Greg Minnar recently won his 17th world cup downhill race, matching Steve Peat at the top of the list.......except for Rachel Atherton who has won 22.


----------



## cyclelicious (Oct 7, 2008)

MOJO K said:


> Greg Minnar recently won his 17th world cup downhill race, matching Steve Peat at the top of the list.......except for Rachel Atherton who has won 22.


Rachel continues to dominate the world's podiums, proving that she is arguably the best female Downhill Mountain Biker on the planet! She is inspiring


----------



## MOJO K (Jan 26, 2007)

cyclelicious said:


> Rachel continues to dominate the world's podiums, proving that she is arguably the best female Downhill Mountain Biker on the planet! She is inspiring


Fix that up for you, Smiley?
Rachel continues to dominate the world's podiums, proving that she is arguably the best Downhill Mountain Biker, male or female on the planet! She is inspiring


----------



## Scott O (Aug 5, 2004)

MOJO K said:


> Fix that up for you, Smiley?
> Rachel continues to dominate the world's podiums, proving that she is arguably the best Downhill Mountain Biker, male or female on the planet! She is inspiring


Cool! So her times are faster than the guys? Impressive!


----------



## MOJO K (Jan 26, 2007)

Scott O said:


> Cool! So her times are faster than the guys? Impressive!


She owns her competition like no one else in the sport. I stand by my statement. Twenty-two wins and she's 27 years old...how many more before she's done?


----------



## Le Duke (Mar 23, 2009)

She might also be the most vapid.

"For the sport and the longevity of the sport, to wear cool race kit and to make an image for yourself is more important than the odd win here and there."

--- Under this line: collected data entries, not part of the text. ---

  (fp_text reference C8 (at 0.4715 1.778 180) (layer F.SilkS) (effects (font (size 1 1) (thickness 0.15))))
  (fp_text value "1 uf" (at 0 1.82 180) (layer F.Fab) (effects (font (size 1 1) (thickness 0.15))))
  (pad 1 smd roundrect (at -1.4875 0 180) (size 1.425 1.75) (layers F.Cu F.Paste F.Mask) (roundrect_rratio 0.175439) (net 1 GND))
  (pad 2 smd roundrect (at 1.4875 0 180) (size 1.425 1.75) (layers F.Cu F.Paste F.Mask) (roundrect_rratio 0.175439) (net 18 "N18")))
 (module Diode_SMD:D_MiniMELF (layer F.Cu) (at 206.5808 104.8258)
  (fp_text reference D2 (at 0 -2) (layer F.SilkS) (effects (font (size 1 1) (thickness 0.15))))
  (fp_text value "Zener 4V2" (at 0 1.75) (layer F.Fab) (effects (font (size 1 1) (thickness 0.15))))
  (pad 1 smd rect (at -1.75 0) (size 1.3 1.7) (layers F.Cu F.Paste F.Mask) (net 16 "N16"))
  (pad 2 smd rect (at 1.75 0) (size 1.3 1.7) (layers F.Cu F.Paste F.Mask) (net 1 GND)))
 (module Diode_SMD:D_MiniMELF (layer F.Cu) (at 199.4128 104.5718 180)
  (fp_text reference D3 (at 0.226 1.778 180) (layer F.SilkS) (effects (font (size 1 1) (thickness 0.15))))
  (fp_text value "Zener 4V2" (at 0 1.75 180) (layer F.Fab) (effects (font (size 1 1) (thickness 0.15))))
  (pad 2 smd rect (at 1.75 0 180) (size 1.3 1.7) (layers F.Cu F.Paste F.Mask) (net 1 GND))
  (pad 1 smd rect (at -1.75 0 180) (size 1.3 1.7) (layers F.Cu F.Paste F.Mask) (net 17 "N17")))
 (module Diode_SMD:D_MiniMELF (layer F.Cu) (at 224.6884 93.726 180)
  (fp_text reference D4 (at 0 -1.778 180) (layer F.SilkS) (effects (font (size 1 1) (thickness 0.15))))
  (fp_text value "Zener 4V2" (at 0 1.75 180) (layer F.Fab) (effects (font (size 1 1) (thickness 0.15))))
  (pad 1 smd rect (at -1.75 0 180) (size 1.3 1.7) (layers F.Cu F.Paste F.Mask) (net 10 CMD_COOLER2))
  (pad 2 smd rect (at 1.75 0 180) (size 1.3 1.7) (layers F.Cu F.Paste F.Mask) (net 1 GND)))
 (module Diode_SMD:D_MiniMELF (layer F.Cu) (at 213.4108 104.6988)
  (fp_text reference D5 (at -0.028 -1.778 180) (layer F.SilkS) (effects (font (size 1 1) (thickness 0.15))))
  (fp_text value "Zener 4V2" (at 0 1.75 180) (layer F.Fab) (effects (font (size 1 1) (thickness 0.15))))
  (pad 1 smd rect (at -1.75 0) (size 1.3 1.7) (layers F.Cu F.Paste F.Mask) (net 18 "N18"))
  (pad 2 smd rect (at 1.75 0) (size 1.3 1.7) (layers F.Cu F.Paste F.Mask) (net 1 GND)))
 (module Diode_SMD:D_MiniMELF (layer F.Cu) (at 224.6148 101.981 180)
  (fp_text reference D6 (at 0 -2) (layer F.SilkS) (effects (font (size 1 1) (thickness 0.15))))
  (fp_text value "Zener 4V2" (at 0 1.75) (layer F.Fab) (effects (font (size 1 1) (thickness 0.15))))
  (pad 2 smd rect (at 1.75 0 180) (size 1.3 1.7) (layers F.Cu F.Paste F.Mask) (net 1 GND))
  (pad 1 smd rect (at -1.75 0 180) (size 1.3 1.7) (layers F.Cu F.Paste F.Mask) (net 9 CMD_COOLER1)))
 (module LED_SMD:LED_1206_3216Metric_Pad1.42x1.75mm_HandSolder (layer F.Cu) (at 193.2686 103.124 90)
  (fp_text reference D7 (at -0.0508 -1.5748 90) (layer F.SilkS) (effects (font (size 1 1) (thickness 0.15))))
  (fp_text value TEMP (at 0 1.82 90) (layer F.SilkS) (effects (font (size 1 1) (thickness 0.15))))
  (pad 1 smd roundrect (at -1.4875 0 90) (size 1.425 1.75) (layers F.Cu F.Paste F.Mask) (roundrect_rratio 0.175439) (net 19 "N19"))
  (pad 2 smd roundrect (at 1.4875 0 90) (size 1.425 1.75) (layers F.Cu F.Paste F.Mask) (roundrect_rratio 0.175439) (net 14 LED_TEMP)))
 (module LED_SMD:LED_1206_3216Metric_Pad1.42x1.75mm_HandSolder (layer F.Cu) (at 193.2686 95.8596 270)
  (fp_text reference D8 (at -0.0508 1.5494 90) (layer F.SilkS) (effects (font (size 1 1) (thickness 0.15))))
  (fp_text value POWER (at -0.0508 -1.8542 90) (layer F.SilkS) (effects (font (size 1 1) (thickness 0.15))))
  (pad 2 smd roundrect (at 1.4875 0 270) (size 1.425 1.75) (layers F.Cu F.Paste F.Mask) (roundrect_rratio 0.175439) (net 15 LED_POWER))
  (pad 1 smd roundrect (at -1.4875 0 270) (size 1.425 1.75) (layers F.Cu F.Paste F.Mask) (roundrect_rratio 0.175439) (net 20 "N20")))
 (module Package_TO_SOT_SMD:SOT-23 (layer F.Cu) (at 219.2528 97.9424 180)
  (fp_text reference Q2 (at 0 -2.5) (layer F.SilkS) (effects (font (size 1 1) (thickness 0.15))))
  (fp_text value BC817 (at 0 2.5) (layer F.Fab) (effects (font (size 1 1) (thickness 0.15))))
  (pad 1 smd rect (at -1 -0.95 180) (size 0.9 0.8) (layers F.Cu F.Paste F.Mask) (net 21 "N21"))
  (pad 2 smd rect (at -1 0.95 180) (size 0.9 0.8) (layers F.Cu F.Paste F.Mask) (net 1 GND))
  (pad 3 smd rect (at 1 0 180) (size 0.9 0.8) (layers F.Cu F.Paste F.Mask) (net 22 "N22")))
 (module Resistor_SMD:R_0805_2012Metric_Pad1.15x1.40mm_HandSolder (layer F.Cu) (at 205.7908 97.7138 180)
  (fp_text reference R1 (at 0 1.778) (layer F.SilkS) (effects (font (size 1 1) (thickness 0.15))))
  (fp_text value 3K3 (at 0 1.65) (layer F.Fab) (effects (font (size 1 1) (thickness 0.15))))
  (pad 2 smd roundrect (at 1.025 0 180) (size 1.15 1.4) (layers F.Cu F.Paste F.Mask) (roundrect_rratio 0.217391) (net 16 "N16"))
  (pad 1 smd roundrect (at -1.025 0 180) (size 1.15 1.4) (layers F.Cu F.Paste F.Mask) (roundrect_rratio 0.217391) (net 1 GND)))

www.cyclingnews.com - the world centre of cycling

Bike Snob NYC: BSNYC Wednesday Fun Quiz!


----------



## Scott O (Aug 5, 2004)

MOJO K said:


> She owns her competition like no one else in the sport. I stand by my statement. Twenty-two wins and she's 27 years old...how many more before she's done?


There's a high school baseball team that has won 5 straight state championships. By your reasoning that would make them the best baseball team on the planet. Political correctness run amok.


----------



## Le Duke (Mar 23, 2009)

digitalsoul said:


> And your post is not a checklist of assumptions and stereotypes? According to you, it is a mistake to say gender behavior (preference) is inherent, rather than learned. Do you not see a problem by saying that gender behavior is only learned and nothing is inherent? Maybe, just maybe, our behavior is a combination of the two?
> 
> Next, you assume that your typical woman will have heart disease, be obese, cook all the time, and be uneducated. Finally you say women are reluctant to take up a sport because their dad didn't teach them to get on a bike when they were young. Can you not see where you are making even more sweeping generalizations and assumptions?


This.

I am a former Army Ranger-qualified infantry officer. I've done some pretty, ahem, interesting things in far off places. Ended lives as the pointy end of American foreign policy. I think I'm a pretty "manly" dude. All 5'6", 145lbs of me.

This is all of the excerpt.